The shortcomings of the 2016 act are well illustrated by section 10 and schedule 2, allowing the Garda National Vetting Bureau to disclose previous convictions when a person applies for, seeks, or is offered any employment, activity or service specified in schedule 2, being many posts within the public sector. This appears unfair and disproportionate, in particular since any spent convictions being disclosed are, by definition, minor.
Clearly, in certain circumstances, it may be appropriate for more serious spent convictions to be disclosed to prospective employers, but these circumstances should be limited and specified. For the legislation to be meaningful, the starting point should be that spent convictions are automatically removed from a person’s vetting record. The relationship between the National Vetting Bureau (Children and Vulnerable Persons) Act 2012 and the spent convictions legislation needs to be reviewed as part of the current exercise.
It would appear that this position is supported by the decision of the European Court of Human Rights in MM v United Kingdom, where the court held that the blanket disclosure of ‘spent’ police cautions in Northern Ireland interfered with the right to privacy under article 8 of the European Convention on Human Rights.
The ratio of the MM case was followed in 2014 by the British Supreme Court in T & Anor v Secretary of State for the Home Department, which examined the legality of blanket and indiscriminate disclosure of previous convictions.
For the spent-convictions legislation to have maximum effect, it should provide that any recording or publication of any information relating to a person’s spent convictions or information ancillary thereto may constitute an offence.
History is theirs
Notably, section 14 of the New Zealand Criminal Record (Clean Slate) Act 2004 makes it an offence to make or ask a person to reveal ‘clean-slate’ convictions, other than in specific circumstances, which are provided for in the legislation.
Anyone who requires disclosure of clean-slate convictions can be fined up to $10,000. Perhaps similar sanctions should be included in Irish legislation – such sanctions also to apply to any person or organisation that publishes information relating to a person’s spent convictions.
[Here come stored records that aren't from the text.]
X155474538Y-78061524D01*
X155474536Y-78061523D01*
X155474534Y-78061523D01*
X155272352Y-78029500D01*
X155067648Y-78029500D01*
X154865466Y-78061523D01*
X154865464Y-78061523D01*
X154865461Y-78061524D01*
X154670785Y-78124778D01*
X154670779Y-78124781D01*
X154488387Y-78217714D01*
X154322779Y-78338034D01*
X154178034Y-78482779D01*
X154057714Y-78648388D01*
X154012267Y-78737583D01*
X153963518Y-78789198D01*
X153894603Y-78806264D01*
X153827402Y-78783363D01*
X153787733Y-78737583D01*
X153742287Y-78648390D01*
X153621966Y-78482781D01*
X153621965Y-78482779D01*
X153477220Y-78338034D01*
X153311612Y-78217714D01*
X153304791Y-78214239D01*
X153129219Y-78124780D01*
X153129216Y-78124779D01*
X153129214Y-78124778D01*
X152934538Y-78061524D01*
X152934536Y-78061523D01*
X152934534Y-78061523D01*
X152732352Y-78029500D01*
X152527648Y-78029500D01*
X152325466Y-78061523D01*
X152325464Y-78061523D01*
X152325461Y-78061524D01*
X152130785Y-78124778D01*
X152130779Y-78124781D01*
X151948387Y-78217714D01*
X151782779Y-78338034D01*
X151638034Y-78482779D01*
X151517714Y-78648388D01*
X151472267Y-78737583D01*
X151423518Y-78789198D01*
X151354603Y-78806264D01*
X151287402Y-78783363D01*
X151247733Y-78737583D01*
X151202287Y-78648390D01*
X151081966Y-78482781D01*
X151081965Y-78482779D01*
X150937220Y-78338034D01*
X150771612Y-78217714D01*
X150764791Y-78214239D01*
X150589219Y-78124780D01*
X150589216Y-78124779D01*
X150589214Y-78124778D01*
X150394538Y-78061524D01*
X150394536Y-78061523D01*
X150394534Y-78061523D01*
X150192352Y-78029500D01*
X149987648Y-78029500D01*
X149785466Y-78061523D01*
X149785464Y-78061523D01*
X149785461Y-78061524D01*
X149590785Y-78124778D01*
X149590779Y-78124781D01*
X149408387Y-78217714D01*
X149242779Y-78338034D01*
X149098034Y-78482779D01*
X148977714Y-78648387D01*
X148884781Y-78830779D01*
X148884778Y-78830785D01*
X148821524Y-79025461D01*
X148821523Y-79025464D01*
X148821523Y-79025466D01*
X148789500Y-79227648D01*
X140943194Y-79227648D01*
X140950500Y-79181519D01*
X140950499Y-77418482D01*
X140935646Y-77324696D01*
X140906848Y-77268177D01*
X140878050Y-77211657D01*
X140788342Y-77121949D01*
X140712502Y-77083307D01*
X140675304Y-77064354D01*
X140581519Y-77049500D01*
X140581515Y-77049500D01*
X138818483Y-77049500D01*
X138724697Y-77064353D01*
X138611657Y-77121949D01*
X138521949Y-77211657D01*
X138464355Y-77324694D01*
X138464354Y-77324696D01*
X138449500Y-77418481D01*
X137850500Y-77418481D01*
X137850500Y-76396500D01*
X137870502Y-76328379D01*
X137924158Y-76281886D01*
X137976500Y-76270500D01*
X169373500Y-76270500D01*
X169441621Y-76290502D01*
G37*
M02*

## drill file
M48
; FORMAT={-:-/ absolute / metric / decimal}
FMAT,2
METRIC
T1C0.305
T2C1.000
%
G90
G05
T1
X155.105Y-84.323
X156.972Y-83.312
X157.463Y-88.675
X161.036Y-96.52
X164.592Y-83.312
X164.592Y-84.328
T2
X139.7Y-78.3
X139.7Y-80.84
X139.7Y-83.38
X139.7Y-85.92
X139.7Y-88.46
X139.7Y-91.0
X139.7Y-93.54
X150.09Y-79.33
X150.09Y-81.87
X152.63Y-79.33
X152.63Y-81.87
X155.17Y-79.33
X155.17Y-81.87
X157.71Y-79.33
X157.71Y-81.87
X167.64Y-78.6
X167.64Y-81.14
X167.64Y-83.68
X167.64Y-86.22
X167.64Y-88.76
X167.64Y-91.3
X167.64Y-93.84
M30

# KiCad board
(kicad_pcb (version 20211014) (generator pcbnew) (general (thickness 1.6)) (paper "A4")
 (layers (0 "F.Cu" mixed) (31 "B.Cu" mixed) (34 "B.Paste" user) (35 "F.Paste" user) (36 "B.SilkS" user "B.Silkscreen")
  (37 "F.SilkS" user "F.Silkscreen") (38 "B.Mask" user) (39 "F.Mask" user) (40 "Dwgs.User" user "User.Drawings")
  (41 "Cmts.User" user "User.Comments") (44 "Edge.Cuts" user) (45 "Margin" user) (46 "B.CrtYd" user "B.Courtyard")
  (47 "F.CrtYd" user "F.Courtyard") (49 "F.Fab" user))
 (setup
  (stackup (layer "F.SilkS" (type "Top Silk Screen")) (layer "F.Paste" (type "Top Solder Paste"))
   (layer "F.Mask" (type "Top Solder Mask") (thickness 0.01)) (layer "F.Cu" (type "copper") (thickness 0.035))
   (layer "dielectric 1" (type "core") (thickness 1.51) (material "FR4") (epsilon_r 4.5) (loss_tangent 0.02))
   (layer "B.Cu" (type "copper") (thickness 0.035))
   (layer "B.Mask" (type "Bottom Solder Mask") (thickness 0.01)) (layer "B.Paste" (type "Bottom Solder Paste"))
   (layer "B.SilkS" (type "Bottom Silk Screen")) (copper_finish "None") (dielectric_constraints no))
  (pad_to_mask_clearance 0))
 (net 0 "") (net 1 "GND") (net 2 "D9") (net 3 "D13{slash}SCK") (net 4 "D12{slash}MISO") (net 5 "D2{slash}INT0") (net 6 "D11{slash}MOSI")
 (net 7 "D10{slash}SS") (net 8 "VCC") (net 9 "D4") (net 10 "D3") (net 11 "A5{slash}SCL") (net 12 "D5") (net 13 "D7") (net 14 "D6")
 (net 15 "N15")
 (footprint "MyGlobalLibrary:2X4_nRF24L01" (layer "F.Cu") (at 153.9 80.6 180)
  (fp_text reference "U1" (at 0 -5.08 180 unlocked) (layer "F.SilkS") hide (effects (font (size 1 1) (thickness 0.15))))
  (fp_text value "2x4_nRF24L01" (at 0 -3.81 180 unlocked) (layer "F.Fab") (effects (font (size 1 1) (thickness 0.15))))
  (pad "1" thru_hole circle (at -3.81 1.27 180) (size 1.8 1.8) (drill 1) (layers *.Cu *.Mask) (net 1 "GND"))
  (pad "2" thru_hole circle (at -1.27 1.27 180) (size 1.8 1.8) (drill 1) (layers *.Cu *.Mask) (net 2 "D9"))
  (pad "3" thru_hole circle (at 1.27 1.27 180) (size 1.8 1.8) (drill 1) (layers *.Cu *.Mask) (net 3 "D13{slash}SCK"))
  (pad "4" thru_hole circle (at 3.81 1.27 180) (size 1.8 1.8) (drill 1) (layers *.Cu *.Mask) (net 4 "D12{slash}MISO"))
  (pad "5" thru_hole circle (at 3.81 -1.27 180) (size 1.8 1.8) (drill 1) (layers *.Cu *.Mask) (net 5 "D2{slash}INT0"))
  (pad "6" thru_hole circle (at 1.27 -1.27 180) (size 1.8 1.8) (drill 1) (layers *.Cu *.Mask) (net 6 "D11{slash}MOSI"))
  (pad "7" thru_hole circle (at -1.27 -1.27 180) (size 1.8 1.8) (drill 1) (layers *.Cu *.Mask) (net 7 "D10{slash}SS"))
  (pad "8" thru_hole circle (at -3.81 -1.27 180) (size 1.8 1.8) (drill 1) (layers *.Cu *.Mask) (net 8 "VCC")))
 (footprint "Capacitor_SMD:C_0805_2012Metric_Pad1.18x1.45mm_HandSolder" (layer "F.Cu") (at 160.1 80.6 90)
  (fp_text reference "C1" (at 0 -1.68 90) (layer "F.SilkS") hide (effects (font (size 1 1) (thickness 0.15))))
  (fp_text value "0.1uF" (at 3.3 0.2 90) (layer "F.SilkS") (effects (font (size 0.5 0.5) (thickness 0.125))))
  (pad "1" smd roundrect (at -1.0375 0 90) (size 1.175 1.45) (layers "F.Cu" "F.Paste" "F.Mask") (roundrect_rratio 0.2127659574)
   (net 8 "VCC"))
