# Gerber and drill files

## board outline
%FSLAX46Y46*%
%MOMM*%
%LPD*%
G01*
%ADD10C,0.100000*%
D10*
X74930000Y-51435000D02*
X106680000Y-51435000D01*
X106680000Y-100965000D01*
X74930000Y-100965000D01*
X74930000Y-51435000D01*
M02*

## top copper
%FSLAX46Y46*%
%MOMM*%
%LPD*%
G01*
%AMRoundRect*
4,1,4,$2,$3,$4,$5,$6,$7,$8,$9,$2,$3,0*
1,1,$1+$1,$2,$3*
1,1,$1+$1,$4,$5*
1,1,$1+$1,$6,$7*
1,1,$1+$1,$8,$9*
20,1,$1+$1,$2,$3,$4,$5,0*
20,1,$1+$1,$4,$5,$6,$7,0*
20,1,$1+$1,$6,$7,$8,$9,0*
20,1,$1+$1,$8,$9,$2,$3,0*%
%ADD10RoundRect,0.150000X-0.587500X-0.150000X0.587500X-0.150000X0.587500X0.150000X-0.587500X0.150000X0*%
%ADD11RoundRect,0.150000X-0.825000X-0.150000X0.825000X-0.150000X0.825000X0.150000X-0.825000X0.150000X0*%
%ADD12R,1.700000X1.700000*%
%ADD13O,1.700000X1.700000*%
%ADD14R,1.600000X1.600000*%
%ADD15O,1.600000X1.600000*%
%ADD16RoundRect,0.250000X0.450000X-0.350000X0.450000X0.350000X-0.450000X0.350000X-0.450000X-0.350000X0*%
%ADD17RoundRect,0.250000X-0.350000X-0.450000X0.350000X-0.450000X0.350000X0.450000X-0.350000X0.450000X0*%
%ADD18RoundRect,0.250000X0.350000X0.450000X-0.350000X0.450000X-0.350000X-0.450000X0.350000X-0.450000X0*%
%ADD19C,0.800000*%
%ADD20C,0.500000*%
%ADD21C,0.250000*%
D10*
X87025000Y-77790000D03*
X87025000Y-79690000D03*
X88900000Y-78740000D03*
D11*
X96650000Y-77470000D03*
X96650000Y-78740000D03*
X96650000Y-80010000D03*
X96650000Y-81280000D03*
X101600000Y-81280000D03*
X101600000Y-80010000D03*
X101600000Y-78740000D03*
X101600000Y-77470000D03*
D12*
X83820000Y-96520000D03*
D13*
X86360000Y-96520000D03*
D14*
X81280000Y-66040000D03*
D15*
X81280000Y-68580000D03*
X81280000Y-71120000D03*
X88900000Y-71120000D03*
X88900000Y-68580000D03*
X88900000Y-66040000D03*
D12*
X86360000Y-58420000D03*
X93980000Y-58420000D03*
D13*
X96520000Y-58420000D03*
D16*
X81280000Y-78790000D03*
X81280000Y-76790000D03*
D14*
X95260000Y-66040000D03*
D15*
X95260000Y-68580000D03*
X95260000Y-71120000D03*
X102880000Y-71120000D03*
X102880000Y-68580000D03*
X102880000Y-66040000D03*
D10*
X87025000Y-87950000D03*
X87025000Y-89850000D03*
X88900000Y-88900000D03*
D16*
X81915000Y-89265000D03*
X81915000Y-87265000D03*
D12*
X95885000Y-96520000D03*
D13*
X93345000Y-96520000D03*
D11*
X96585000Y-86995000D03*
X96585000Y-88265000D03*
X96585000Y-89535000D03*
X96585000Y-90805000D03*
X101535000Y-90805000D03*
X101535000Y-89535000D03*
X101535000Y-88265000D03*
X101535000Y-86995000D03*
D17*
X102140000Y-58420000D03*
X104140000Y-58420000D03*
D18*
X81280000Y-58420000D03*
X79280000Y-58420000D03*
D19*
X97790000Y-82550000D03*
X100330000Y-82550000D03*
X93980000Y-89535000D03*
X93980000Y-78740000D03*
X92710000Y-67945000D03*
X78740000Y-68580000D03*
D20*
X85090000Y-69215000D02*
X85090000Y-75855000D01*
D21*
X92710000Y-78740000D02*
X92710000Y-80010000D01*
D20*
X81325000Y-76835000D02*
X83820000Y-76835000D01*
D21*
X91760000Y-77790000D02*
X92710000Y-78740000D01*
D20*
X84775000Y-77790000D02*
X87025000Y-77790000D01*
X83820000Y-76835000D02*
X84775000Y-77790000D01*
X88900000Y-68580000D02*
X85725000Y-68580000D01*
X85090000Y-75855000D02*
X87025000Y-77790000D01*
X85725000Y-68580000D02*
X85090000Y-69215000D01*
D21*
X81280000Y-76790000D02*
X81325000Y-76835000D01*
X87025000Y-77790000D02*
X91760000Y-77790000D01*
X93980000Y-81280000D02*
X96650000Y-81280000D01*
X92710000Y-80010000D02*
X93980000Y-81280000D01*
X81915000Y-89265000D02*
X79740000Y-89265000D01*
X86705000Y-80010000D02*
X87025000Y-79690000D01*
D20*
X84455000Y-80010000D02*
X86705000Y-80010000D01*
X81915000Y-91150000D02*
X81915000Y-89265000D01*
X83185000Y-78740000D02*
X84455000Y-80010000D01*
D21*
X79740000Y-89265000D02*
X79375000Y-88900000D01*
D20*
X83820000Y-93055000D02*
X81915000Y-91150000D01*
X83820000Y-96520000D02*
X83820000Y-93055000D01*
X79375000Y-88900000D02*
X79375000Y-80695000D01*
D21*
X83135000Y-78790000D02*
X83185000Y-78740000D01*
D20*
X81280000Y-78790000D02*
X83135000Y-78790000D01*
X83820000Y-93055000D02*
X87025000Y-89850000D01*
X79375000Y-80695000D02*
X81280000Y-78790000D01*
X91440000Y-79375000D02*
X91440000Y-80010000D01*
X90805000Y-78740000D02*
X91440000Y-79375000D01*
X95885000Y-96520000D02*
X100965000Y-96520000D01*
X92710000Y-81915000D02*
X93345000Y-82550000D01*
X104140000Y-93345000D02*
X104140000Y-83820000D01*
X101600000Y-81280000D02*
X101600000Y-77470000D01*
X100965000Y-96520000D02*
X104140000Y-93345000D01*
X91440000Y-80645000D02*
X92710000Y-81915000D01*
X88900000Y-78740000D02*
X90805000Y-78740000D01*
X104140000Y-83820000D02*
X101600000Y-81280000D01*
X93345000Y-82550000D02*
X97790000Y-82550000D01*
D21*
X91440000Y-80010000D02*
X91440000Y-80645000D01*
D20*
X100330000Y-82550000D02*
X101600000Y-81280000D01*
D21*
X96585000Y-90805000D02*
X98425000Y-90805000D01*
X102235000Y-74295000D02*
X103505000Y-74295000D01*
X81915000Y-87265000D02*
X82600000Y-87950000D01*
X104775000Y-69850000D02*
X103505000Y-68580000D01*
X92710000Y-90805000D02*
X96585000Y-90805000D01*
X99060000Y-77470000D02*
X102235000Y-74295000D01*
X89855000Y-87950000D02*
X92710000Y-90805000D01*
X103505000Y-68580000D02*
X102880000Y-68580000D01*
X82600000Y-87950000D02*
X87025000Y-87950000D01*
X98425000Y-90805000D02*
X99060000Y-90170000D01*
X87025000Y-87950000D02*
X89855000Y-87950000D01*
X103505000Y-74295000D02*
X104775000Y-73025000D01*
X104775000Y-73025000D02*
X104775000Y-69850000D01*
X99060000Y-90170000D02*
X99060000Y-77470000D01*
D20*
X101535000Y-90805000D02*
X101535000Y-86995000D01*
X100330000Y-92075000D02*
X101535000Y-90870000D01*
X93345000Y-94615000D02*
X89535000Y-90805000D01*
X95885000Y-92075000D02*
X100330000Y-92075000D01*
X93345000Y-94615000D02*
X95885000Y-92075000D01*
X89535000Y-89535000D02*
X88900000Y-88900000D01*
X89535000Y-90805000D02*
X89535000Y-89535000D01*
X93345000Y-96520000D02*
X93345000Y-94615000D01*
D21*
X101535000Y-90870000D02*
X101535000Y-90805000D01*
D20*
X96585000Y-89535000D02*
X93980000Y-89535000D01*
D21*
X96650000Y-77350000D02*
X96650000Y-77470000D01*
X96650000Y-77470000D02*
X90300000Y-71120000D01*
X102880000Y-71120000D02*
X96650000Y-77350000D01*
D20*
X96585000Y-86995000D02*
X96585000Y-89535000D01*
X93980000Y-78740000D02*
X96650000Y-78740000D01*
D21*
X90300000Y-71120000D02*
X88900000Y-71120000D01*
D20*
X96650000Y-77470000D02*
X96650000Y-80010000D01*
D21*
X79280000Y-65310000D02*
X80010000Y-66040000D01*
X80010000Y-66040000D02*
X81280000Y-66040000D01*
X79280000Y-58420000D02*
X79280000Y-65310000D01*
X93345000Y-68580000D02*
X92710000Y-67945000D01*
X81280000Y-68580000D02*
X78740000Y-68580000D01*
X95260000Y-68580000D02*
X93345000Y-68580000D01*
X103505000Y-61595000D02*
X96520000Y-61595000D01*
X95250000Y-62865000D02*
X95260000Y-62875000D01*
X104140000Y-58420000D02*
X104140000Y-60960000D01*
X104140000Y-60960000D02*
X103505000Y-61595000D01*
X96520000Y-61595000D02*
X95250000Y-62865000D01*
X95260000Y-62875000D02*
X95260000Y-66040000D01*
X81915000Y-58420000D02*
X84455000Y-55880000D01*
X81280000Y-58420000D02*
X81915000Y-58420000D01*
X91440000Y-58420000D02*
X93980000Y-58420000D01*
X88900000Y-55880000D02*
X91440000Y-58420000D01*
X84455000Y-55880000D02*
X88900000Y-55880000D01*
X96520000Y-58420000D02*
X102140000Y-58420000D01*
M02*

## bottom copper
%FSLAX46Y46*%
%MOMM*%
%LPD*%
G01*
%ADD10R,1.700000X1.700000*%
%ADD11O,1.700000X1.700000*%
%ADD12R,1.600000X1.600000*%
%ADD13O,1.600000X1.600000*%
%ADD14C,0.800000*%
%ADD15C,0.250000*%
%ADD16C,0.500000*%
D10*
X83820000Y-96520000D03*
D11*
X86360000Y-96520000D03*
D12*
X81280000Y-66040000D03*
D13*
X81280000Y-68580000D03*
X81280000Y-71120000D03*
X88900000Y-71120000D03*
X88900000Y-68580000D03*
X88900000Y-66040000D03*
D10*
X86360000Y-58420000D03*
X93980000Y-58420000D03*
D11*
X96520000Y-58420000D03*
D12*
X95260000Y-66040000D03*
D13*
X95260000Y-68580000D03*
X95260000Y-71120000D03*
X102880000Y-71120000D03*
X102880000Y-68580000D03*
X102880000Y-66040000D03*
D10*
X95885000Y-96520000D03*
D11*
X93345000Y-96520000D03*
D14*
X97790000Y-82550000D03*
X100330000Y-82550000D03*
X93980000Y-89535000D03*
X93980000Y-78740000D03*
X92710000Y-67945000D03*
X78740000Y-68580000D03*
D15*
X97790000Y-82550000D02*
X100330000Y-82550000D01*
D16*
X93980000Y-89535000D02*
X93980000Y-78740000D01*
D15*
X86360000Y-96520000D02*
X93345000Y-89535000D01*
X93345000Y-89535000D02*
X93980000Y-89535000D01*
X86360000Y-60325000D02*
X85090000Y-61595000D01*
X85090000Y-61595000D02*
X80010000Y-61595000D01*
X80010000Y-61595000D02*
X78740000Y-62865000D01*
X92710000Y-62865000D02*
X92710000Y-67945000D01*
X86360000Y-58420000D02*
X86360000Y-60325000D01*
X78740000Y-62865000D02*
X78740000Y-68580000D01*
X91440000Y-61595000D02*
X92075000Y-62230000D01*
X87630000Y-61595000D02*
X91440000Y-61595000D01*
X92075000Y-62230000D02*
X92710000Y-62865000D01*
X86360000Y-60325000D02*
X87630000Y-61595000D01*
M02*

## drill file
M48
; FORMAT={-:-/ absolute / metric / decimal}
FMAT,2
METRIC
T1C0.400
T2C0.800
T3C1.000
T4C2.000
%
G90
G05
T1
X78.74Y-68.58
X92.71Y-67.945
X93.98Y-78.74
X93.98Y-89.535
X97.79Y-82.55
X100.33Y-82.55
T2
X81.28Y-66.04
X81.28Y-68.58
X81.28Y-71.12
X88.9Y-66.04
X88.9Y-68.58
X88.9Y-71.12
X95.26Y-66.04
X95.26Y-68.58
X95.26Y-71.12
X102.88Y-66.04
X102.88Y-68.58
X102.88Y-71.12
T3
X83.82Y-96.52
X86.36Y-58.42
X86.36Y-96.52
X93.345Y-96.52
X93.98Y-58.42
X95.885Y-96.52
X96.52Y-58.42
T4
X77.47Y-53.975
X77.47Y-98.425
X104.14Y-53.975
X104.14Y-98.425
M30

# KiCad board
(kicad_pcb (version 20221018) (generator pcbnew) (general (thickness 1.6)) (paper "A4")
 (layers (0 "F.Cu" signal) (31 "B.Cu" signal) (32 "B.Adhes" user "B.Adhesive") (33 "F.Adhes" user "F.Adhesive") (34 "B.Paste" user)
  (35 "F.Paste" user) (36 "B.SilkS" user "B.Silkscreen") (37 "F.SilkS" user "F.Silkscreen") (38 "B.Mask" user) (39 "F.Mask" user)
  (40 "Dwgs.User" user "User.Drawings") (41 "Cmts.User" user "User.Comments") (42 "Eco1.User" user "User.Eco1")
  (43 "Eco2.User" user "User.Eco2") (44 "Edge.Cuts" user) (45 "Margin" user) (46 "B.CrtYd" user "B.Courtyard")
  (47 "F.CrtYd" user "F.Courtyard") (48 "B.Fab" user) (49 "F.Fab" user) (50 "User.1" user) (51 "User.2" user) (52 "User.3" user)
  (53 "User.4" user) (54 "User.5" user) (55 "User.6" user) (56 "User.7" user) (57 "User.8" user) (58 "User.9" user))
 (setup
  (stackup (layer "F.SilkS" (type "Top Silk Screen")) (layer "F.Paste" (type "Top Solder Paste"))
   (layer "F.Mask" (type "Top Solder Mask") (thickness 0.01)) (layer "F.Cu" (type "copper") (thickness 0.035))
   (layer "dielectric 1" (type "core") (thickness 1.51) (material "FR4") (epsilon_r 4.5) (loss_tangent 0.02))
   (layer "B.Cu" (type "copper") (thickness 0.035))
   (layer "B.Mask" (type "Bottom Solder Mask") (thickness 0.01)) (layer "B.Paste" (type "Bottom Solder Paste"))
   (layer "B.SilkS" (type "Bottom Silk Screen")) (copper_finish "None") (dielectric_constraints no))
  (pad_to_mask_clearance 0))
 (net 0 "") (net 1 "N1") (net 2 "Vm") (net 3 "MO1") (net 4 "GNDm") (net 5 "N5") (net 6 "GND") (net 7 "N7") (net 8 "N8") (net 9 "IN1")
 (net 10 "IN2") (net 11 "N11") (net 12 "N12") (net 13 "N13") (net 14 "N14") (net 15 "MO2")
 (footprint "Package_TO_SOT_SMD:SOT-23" (layer "F.Cu") (at 87.9625 78.74)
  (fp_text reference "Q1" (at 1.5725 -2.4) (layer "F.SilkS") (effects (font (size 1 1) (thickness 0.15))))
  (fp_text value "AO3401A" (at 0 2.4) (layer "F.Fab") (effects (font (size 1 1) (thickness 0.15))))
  (pad "1" smd roundrect (at -0.9375 -0.95) (size 1.475 0.6) (layers "F.Cu" "F.Paste" "F.Mask") (roundrect_rratio 0.25) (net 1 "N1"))
  (pad "2" smd roundrect (at -0.9375 0.95) (size 1.475 0.6) (layers "F.Cu" "F.Paste" "F.Mask") (roundrect_rratio 0.25) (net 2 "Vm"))
  (pad "3" smd roundrect (at 0.9375 0) (size 1.475 0.6) (layers "F.Cu" "F.Paste" "F.Mask") (roundrect_rratio 0.25) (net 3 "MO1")))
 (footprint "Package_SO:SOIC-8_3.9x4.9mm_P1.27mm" (layer "F.Cu") (at 99.125 79.375)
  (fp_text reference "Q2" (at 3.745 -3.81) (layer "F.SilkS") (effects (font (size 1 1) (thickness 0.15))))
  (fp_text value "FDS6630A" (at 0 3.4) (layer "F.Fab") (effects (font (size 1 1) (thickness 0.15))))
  (pad "1" smd roundrect (at -2.475 -1.905) (size 1.95 0.6) (layers "F.Cu" "F.Paste" "F.Mask") (roundrect_rratio 0.25) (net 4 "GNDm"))
  (pad "2" smd roundrect (at -2.475 -0.635) (size 1.95 0.6) (layers "F.Cu" "F.Paste" "F.Mask") (roundrect_rratio 0.25) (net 4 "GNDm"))
  (pad "3" smd roundrect (at -2.475 0.635) (size 1.95 0.6) (layers "F.Cu" "F.Paste" "F.Mask") (roundrect_rratio 0.25) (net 4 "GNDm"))
  (pad "4" smd roundrect (at -2.475 1.905) (size 1.95 0.6) (layers "F.Cu" "F.Paste" "F.Mask") (roundrect_rratio 0.25) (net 1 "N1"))
  (pad "5" smd roundrect (at 2.475 1.905) (size 1.95 0.6) (layers "F.Cu" "F.Paste" "F.Mask") (roundrect_rratio 0.25) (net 3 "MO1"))
  (pad "6" smd roundrect (at 2.475 0.635) (size 1.95 0.6) (layers "F.Cu" "F.Paste" "F.Mask") (roundrect_rratio 0.25) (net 3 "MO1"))
  (pad "7" smd roundrect (at 2.475 -0.635) (size 1.95 0.6) (layers "F.Cu" "F.Paste" "F.Mask") (roundrect_rratio 0.25) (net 3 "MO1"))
Fair procedures require a right of appeal or review. While there is a mechanism to appeal a decision of the National Vetting Bureau to disclose information, there is no such appeal or review mechanism available in other situations, or where a person simply wishes to have their criminal record expunged.
In Germany and the Netherlands, a person can apply for a certificate of good conduct to remove all convictions, including life sentences. In the US, a person can apply for certificate of employability, relief or rehabilitation.
It may also be time for a similar procedure to be introduced here that would allow a person who has a previous conviction of the kind that would not normally become spent to apply to the District Court – or higher – to have their record expunged.
This would be an additional measure of proportionality and fairness that could be utilised by persons convicted of serious offences in the past, but who have not come to the attention of the gardaí for a long time and who can display that they are genuinely rehabilitated.
Noting the belated, and rather grudging, first attempt in 2016 at spent convictions legislation, in order truly to give credence to a commitment to rehabilitation, reintegration and reduction in recidivism this time around, the presumption must be that most, if not all, convictions will become spent automatically – and that means expunged entirely, with any necessary caveats for certain types of offences and time periods inserted thereafter.
The Oireachtas Committee report is a helpful starting point, and one hopes that the Department of Justice will pay attention to long overdue reform.